[Devel] [PATCH 1/2 v1] cgroup: 'release_agent' property is now per-cgroup instead of per-mount.

Tue Mar 17 17:06:44 MSK 2020

On 17.03.2020 13:28, Valeriy Vdovin wrote:
> Until now, 'release_agent' was a single property for the whole hierarchy
> of cgroups in the same mounted subsystem. After mounting a subsystem
> this property was represented by a single 'release_agent' file located
> in the root cgroup's directoy. Container concept assumes that multiple
> virtual cgroup root's breaking single mount - single root relationship,
> single mount can have as many cgroup roots as there are containers's on
> the system. As an example of the end user of 'release_agent' file is
> systemd, that sets it's own binary by writing to this file at setup
> step. The use case may not be limited by systemd only, so other
> userspace scenarios might want to override 'release_agent' from their
> containers.
> 
> 'release_agent' field is moved from 'struct cgroupfs_root'
> which is a mount-wide cgroup options holder, to 'struct cgroup' itself.
> Former logic to only show 'release_agent' in root cgroup only is
> preserved but is extended to also support virtual roots by adding this
> file to cgroup directory, when it becomes marked as VE_ROOT at
> ve_start_container time.
> 
> Drawbacks:
> 1.
> Because release_agent is not only a cgroup property but also a cgroup
> mount option, userspace can set this two ways:
>  a) echo 'binary_path' > ..../cgroup/release_agent.
>  b) mount -t cgroup .... -o release_agent=binary_path'
> 
> First is totally ok with our solution, second is not. We are not
> changing the mount API for cgroups, so we leave the mount option as a
> way of setting release_agent, at mount time we read this mount option
> and put it into release_agent field of the top cgroup, which is the real
> root cgroup for this mount.
> 
> When remounting cgroup kernel code will try to compose mount options
> from the current mount and for release agent, it will take the value
> from the top cgroup.
> 
> When the user is host and he want's to know mount options by typing
> 'mount' in the command line for example, we read release_agent back from
> the top cgroup.
> 
> When the user is in container, we read release_agent from the VE_ROOT
> cgroup.
> 
> Here is a problem: although there is only one mount, the user can see
> different mount options for it.
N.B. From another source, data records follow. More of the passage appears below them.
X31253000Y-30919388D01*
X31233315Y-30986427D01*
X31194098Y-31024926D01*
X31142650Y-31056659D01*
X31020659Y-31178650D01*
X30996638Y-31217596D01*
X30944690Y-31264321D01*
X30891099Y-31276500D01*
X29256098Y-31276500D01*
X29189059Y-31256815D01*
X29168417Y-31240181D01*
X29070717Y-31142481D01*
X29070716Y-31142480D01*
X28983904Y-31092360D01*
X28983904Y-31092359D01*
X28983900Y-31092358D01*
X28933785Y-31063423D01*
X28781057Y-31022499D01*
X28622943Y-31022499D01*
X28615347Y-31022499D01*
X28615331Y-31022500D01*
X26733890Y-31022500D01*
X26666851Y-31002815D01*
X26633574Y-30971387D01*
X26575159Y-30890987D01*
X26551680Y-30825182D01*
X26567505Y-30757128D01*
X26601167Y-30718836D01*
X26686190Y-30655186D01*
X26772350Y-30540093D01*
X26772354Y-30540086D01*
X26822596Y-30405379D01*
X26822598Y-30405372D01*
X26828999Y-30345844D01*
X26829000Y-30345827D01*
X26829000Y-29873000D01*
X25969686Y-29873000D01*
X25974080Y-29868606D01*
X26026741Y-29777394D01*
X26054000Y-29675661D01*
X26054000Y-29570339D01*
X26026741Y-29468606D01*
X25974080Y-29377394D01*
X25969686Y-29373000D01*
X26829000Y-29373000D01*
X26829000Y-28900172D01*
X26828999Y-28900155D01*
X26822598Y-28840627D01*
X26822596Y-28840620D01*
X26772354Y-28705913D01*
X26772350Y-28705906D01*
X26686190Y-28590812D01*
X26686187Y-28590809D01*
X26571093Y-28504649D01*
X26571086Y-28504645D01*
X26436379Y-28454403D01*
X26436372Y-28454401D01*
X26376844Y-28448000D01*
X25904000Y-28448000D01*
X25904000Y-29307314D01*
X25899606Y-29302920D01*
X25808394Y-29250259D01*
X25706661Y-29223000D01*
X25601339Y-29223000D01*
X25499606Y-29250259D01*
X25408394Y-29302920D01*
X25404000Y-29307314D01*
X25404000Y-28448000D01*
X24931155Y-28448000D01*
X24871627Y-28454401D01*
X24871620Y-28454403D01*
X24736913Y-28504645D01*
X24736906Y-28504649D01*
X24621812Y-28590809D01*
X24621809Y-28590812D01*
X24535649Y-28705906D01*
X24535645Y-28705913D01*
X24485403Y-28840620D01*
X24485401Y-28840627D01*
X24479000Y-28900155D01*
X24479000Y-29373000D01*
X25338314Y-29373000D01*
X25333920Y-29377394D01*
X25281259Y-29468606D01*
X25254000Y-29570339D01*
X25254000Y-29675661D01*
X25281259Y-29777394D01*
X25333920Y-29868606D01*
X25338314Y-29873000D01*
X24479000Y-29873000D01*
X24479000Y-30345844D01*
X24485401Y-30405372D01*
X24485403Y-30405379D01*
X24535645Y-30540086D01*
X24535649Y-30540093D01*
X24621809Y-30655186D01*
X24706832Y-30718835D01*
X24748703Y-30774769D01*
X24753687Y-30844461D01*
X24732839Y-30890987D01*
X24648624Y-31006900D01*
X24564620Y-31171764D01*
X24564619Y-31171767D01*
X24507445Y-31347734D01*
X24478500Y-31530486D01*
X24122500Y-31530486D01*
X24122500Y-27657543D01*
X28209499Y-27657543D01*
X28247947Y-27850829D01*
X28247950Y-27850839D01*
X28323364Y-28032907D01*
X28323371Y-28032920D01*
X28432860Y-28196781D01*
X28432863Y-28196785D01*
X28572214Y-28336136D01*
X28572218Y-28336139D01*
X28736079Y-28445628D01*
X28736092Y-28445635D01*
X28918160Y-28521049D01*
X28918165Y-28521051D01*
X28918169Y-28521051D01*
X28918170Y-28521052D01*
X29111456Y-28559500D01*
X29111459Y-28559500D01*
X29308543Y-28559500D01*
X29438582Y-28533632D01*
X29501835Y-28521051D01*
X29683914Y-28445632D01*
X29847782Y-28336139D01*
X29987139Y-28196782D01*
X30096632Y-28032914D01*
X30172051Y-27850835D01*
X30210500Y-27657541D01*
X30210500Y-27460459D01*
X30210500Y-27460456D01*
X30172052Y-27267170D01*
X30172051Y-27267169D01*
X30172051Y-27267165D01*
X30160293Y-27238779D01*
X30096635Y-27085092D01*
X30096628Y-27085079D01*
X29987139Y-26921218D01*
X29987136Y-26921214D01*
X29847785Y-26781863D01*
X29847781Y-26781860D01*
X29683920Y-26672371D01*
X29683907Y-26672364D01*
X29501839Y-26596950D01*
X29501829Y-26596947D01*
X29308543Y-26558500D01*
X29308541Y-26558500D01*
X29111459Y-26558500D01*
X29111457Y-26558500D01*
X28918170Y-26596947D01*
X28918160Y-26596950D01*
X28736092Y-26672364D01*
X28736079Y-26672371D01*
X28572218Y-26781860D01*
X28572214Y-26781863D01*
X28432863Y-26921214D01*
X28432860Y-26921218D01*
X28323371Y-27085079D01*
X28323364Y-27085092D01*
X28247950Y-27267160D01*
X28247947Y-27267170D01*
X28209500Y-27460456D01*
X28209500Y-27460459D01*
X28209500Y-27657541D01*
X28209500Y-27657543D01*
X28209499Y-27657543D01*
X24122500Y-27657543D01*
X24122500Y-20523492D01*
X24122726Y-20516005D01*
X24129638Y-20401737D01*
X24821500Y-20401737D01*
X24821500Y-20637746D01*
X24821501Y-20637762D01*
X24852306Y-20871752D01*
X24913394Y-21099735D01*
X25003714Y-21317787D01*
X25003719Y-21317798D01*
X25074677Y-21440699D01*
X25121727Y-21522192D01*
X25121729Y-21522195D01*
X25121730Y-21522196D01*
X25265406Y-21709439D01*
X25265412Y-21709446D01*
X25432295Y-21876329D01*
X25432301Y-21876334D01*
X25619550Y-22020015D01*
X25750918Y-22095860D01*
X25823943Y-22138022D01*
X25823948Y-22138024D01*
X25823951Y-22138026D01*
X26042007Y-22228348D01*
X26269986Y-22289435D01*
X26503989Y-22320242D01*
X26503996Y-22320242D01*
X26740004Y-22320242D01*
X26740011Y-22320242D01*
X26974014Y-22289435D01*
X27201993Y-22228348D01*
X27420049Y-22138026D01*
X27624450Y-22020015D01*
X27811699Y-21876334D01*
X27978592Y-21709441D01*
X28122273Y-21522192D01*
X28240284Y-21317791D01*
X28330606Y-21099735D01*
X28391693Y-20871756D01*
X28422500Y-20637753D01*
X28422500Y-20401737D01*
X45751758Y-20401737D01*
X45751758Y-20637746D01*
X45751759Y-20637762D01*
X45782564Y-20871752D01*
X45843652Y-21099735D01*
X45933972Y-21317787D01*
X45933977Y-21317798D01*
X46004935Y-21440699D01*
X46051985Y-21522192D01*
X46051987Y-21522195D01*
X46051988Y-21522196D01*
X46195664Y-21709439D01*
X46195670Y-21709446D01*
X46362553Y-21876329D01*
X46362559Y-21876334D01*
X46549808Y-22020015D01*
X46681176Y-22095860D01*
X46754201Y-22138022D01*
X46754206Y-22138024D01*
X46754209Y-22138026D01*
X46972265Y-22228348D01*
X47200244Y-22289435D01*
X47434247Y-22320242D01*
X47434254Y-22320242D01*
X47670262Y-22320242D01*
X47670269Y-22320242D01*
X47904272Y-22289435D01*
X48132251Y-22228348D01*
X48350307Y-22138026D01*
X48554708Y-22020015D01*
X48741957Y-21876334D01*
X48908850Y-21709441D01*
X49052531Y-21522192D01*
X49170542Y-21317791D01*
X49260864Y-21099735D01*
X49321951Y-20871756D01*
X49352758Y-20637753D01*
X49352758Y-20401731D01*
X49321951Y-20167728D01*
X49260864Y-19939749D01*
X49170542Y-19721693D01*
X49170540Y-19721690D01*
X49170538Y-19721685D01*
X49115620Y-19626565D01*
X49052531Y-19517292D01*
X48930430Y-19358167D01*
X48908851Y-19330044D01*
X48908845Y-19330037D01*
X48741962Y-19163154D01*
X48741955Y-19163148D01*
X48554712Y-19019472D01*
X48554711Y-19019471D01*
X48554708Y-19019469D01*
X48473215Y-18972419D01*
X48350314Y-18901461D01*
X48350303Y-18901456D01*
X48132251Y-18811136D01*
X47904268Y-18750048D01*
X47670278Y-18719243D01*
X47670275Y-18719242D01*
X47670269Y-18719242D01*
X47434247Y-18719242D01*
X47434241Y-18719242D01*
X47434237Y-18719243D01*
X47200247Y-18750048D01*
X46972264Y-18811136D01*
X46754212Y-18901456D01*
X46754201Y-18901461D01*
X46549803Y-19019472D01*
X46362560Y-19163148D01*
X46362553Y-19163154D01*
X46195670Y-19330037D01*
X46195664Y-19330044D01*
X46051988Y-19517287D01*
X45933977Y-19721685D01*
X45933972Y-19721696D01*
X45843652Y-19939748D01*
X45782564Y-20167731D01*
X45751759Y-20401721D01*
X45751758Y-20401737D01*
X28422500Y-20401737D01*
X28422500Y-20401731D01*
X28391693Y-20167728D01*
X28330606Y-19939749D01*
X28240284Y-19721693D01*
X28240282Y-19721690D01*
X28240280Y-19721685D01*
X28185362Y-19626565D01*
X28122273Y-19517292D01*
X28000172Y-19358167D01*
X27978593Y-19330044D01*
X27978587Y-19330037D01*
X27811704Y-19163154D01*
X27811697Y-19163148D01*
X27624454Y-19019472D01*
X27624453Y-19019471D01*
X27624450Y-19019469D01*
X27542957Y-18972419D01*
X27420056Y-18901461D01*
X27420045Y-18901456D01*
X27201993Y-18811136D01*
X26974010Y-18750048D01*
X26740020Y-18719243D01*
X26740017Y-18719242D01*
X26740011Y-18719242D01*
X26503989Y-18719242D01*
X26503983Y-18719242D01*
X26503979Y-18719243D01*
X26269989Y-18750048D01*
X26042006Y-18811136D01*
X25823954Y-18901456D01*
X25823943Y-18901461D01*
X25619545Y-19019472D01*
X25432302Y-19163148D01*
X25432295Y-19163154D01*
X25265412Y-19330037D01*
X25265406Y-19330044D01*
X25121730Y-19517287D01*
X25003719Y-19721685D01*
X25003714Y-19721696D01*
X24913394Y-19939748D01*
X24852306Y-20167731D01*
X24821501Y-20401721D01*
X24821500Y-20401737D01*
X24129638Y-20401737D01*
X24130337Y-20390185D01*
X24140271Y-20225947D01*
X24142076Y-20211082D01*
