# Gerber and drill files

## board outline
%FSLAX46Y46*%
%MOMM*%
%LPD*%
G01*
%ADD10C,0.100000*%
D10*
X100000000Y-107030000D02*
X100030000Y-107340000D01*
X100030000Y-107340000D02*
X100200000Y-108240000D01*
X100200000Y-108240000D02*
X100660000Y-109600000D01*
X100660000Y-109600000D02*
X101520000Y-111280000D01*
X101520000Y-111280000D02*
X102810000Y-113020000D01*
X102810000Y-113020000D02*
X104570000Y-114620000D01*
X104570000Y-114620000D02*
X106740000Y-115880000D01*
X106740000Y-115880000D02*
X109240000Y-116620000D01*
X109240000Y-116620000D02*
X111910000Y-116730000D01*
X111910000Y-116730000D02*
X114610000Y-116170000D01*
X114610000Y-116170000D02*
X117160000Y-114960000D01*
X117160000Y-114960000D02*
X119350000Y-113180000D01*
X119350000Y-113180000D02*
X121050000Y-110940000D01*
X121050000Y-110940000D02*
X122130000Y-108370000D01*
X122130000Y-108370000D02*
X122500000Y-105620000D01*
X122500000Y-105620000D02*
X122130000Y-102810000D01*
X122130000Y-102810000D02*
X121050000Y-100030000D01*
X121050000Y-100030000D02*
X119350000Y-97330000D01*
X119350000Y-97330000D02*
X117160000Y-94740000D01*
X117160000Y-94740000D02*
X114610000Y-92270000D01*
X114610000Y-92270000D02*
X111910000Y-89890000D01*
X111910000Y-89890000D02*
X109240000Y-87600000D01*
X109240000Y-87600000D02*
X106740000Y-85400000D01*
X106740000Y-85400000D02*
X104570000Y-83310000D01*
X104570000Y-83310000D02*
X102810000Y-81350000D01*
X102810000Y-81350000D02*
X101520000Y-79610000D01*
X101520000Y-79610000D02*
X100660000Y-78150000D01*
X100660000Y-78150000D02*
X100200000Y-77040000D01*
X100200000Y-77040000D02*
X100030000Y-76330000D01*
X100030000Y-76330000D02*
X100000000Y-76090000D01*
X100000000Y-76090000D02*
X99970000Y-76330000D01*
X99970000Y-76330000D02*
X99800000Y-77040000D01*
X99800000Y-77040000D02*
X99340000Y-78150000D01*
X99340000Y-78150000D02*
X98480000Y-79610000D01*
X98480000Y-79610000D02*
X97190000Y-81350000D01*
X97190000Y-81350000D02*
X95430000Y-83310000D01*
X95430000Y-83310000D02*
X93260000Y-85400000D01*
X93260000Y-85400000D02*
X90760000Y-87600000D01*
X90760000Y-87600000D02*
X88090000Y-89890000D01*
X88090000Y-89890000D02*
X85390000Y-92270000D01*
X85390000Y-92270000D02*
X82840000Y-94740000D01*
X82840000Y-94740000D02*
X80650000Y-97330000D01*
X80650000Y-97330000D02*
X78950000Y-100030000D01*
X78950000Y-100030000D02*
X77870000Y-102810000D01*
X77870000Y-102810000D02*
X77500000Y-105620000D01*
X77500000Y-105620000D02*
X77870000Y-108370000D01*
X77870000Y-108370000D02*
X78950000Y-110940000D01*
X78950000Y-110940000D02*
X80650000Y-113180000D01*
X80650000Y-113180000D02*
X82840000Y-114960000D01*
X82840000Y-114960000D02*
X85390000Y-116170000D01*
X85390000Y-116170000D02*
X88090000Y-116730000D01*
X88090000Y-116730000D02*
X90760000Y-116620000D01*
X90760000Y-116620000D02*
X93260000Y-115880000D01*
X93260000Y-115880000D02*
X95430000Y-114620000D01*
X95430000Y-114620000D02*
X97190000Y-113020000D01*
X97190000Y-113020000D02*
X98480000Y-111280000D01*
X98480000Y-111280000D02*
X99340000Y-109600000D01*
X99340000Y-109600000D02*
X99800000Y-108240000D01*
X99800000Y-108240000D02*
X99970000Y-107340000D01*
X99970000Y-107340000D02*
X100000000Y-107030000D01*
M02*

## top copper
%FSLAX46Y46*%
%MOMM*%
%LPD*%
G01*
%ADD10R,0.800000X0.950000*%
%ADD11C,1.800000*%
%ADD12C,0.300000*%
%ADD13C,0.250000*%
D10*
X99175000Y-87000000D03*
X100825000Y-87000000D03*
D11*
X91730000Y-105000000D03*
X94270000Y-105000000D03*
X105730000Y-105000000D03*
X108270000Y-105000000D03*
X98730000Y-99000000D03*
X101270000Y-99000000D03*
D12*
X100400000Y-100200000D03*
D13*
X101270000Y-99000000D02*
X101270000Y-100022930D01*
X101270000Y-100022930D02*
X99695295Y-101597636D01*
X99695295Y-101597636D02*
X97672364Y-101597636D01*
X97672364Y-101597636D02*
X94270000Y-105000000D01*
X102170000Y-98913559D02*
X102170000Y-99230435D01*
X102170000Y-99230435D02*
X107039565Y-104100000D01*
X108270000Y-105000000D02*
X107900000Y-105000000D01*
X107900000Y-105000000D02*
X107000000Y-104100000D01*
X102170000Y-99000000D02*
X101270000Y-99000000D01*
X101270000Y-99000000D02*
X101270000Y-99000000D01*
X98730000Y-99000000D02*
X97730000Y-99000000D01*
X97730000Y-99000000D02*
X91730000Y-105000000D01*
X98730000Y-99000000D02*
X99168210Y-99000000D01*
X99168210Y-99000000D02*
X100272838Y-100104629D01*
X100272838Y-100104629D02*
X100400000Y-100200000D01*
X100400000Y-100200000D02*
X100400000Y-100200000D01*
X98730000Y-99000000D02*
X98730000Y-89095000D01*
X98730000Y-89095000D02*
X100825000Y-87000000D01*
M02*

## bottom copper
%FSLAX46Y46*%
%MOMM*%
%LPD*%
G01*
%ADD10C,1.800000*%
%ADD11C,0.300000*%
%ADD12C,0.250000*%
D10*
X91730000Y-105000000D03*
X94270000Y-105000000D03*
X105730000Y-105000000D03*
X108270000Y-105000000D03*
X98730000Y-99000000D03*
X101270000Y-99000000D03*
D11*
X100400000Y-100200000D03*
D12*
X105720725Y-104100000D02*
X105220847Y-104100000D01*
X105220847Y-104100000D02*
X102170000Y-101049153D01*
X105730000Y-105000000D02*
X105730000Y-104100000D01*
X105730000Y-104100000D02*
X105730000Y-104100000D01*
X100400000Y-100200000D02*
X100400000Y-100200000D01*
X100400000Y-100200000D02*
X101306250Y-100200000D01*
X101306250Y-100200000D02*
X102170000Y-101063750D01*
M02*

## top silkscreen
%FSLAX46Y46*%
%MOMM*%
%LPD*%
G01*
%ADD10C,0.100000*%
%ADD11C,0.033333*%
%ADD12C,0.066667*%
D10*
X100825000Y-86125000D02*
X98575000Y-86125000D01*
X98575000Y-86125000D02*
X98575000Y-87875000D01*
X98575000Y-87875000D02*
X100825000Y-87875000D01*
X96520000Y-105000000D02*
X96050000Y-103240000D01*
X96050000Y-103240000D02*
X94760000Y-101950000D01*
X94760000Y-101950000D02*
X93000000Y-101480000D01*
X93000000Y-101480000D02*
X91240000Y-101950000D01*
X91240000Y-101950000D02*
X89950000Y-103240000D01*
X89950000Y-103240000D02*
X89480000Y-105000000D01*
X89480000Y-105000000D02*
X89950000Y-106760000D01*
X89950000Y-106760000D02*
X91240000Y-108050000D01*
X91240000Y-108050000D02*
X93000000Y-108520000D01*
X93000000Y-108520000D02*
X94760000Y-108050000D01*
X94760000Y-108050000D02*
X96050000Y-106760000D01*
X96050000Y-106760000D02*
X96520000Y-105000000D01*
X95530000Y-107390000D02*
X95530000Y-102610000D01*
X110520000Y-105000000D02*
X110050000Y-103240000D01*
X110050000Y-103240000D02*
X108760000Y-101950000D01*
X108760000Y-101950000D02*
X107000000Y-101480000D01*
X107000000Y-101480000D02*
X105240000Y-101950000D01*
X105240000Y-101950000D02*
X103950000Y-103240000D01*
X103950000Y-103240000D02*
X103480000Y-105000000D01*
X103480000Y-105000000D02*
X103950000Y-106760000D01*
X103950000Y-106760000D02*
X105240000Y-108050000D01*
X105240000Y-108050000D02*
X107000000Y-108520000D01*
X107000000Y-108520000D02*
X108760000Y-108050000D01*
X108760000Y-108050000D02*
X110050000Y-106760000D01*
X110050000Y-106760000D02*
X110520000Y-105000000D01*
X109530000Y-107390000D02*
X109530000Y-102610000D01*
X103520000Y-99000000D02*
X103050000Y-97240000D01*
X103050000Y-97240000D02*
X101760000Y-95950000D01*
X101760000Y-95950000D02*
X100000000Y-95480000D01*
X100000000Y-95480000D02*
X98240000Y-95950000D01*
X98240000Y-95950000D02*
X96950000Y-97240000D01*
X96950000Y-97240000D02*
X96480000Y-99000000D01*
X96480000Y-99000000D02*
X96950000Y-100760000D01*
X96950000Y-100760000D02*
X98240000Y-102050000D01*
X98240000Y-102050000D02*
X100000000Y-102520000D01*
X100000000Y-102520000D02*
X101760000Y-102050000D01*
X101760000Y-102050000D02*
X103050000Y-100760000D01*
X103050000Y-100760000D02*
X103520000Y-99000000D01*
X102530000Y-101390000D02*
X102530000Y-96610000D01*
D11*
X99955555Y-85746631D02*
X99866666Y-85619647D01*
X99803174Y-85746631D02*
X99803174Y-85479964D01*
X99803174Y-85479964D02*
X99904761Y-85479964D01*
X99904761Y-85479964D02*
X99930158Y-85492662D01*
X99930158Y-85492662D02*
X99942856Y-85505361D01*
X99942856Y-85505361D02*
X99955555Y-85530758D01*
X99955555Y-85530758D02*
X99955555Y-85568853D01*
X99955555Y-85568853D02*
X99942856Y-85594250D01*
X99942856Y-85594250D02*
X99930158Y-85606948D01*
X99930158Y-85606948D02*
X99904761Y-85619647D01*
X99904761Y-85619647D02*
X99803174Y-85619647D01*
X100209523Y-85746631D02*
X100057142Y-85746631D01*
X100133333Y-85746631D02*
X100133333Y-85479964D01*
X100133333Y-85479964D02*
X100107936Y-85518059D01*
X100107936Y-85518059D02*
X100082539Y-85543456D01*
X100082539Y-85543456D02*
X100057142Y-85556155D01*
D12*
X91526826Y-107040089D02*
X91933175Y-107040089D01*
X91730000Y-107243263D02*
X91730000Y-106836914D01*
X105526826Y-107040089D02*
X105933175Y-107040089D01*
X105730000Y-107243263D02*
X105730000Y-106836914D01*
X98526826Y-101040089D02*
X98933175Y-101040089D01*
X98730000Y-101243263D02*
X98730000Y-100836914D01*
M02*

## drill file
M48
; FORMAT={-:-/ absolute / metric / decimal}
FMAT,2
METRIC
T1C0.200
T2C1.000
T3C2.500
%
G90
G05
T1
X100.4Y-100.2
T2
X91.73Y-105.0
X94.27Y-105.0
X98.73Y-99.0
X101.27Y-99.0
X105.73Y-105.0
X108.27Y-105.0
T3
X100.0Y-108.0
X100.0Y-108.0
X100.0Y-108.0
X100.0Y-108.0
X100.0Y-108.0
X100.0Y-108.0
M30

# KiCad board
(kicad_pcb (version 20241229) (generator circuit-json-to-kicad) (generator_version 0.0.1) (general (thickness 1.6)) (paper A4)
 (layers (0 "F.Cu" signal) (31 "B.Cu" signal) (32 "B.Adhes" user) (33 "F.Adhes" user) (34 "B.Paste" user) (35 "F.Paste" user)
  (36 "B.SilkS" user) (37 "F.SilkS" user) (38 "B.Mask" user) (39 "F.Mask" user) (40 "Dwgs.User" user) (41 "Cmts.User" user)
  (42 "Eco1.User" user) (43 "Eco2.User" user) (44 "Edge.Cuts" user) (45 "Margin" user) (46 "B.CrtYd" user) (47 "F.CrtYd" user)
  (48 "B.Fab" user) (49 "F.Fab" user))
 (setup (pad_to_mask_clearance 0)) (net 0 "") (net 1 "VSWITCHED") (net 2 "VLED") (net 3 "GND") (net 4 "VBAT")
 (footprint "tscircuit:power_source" (layer F.Cu) (at 100 95 0)
  (pad "" np_thru_hole circle (at 0 13 0) (size 2.5 2.5) (drill 2.5) (layers *.Cu *.Mask)))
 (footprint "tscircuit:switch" (layer F.Cu) (at 100 90 0)
  (pad "" np_thru_hole circle (at 0 18 0) (size 2.5 2.5) (drill 2.5) (layers *.Cu *.Mask)))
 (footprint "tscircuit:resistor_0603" (layer F.Cu) (at 100 87 0)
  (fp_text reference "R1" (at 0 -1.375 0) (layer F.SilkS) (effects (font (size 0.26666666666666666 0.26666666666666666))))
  (pad "1" smd rect (at -0.825 0 0) (size 0.8 0.95) (layers F.Cu F.Paste F.Mask) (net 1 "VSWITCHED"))
  (pad "2" smd rect (at 0.825 0 0) (size 0.8 0.95) (layers F.Cu F.Paste F.Mask) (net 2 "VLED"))
  (pad "" np_thru_hole circle (at 0 21 0) (size 2.5 2.5) (drill 2.5) (layers *.Cu *.Mask)))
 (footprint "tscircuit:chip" (layer F.Cu) (at 93 105 0)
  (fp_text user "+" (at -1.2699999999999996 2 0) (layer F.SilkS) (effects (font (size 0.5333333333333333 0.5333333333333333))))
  (pad "1" thru_hole circle (at -1.2699999999999996 0 0) (size 1.8 1.8) (drill 1) (layers *.Cu *.Mask) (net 2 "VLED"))
  (pad "2" thru_hole circle (at 1.2699999999999996 0 0) (size 1.8 1.8) (drill 1) (layers *.Cu *.Mask) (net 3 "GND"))
  (pad "" np_thru_hole circle (at 7 3 0) (size 2.5 2.5) (drill 2.5) (layers *.Cu *.Mask)))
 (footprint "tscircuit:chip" (layer F.Cu) (at 107 105 0)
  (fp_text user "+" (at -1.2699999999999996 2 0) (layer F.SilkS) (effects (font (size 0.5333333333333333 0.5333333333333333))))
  (pad "1" thru_hole circle (at -1.2699999999999996 0 0) (size 1.8 1.8) (drill 1) (layers *.Cu *.Mask) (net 2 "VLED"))
  (pad "2" thru_hole circle (at 1.2699999999999996 0 0) (size 1.8 1.8) (drill 1) (layers *.Cu *.Mask) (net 3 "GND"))
  (pad "" np_thru_hole circle (at -7 3 0) (size 2.5 2.5) (drill 2.5) (layers *.Cu *.Mask)))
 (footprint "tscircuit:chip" (layer F.Cu) (at 100 99 0)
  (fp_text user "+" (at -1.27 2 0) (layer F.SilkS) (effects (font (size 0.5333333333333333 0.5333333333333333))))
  (pad "1" thru_hole circle (at -1.27 0 0) (size 1.8 1.8) (drill 1) (layers *.Cu *.Mask) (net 2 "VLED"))
  (pad "2" thru_hole circle (at 1.27 0 0) (size 1.8 1.8) (drill 1) (layers *.Cu *.Mask) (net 3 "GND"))
  (pad "" np_thru_hole circle (at 0 9 0) (size 2.5 2.5) (drill 2.5) (layers *.Cu *.Mask)))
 (segment (start 101.27 99) (end 101.27 100.02293031919105) (width 0.25) (layer F.Cu) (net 3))
 (segment (start 101.27 100.02293031919105) (end 99.69529453119956 101.59763578799148) (width 0.25) (layer F.Cu) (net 3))
 (segment (start 99.69529453119956 101.59763578799148) (end 97.67236421200852 101.59763578799148) (width 0.25) (layer F.Cu) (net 3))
Bad thing will happen when the user will
> decide to remount the cgroup, he can compose '-o' options by using
> container release_agent and if it is different from the host's
> (top-cgroup), then remount will fail, it forbids remount with varying
> value of release_agent.
> 
> We ignore this problem as OK, because container processes are not allowed
> to remount cgroups.
> 
> 2.
> Host user reading '../cgroup/{VE-CGROUP}/release_agent' file for a particular
> container will get the binary path in container-local form, not the actual path
> on the host filesystem.
> This issue is minor and no valid reasoning found to make it the other way.
> 
> https://jira.sw.ru/browse/PSBM-83887
> Signed-off-by: Valeriy Vdovin <valeriy.vdovin at virtuozzo.com>

The whole patch is big. Can we split it in some smaller peaces?
On the first sight I see at least changing cgroup_mark_ve_root()
type changing may be moved in a separate patch. Maybe something
else...

I'm not sure I understand full synchronization scheme you used,
please, see the comments below.

> ---
>  include/linux/cgroup.h |   9 ++--
>  kernel/cgroup.c        | 127 ++++++++++++++++++++++++++++++++++++++++++-------
>  kernel/ve/ve.c         |   8 +++-
>  3 files changed, 123 insertions(+), 21 deletions(-)
> 
> diff --git a/include/linux/cgroup.h b/include/linux/cgroup.h
> index aa91e47..cad5b4f 100644
> --- a/include/linux/cgroup.h
> +++ b/include/linux/cgroup.h
> @@ -285,6 +285,12 @@ struct cgroup {
>  	/* directory xattrs */
>  	struct simple_xattrs xattrs;
>  	u64 subgroups_limit;
> +
> +	/*
> +	 * Per-cgroup path to release agent binary for release
> +	 * notifications.
> +	 */
> +	const char *release_agent_path;
>  };
>  
>  #define MAX_CGROUP_ROOT_NAMELEN 64
> @@ -384,9 +390,6 @@ struct cgroupfs_root {
>  	/* IDs for cgroups in this hierarchy */
>  	struct ida cgroup_ida;
>  
> -	/* The path to use for release notifications. */
> -	char release_agent_path[PATH_MAX];
> -
>  	/* The name for this hierarchy - may be empty */
>  	char name[MAX_CGROUP_ROOT_NAMELEN];
>  };
> diff --git a/kernel/cgroup.c b/kernel/cgroup.c
> index 9ca8af9..0b64d88 100644
> --- a/kernel/cgroup.c
> +++ b/kernel/cgroup.c
> @@ -1038,8 +1038,14 @@ static int cgroup_show_options(struct seq_file *seq, struct dentry *dentry)
>  {
>  	struct cgroupfs_root *root = dentry->d_sb->s_fs_info;
>  	struct cgroup_subsys *ss;
> +	struct cgroup *root_cgrp = &root->top_cgroup;
> +
> +#ifdef CONFIG_VE
> +	struct ve_struct *ve = get_exec_env();
> +#endif
>  
>  	mutex_lock(&cgroup_root_mutex);
> +
>  	for_each_subsys(root, ss)
>  		seq_printf(seq, ",%s", ss->name);
>  	if (root->flags & CGRP_ROOT_SANE_BEHAVIOR)
> @@ -1050,9 +1056,18 @@ static int cgroup_show_options(struct seq_file *seq, struct dentry *dentry)
>  		seq_puts(seq, ",xattr");
>  	if (root->flags & CGRP_ROOT_CPUSET_V2_MODE)
>  		seq_puts(seq, ",cpuset_v2_mode");
> -	if (strlen(root->release_agent_path))
> +#ifdef CONFIG_VE
> +	if (!ve_is_super(ve)) {
> +		mutex_lock(&cgroup_mutex);
> +		root_cgrp = task_cgroup_from_root(ve->init_task, root);
> +		mutex_unlock(&cgroup_mutex);
> +	}
> +#endif
> +	if (root_cgrp && root_cgrp->release_agent_path &&
> +		strlen(root_cgrp->release_agent_path)) {

Why not "root_cgrp->release_agent_path[0] != 0"?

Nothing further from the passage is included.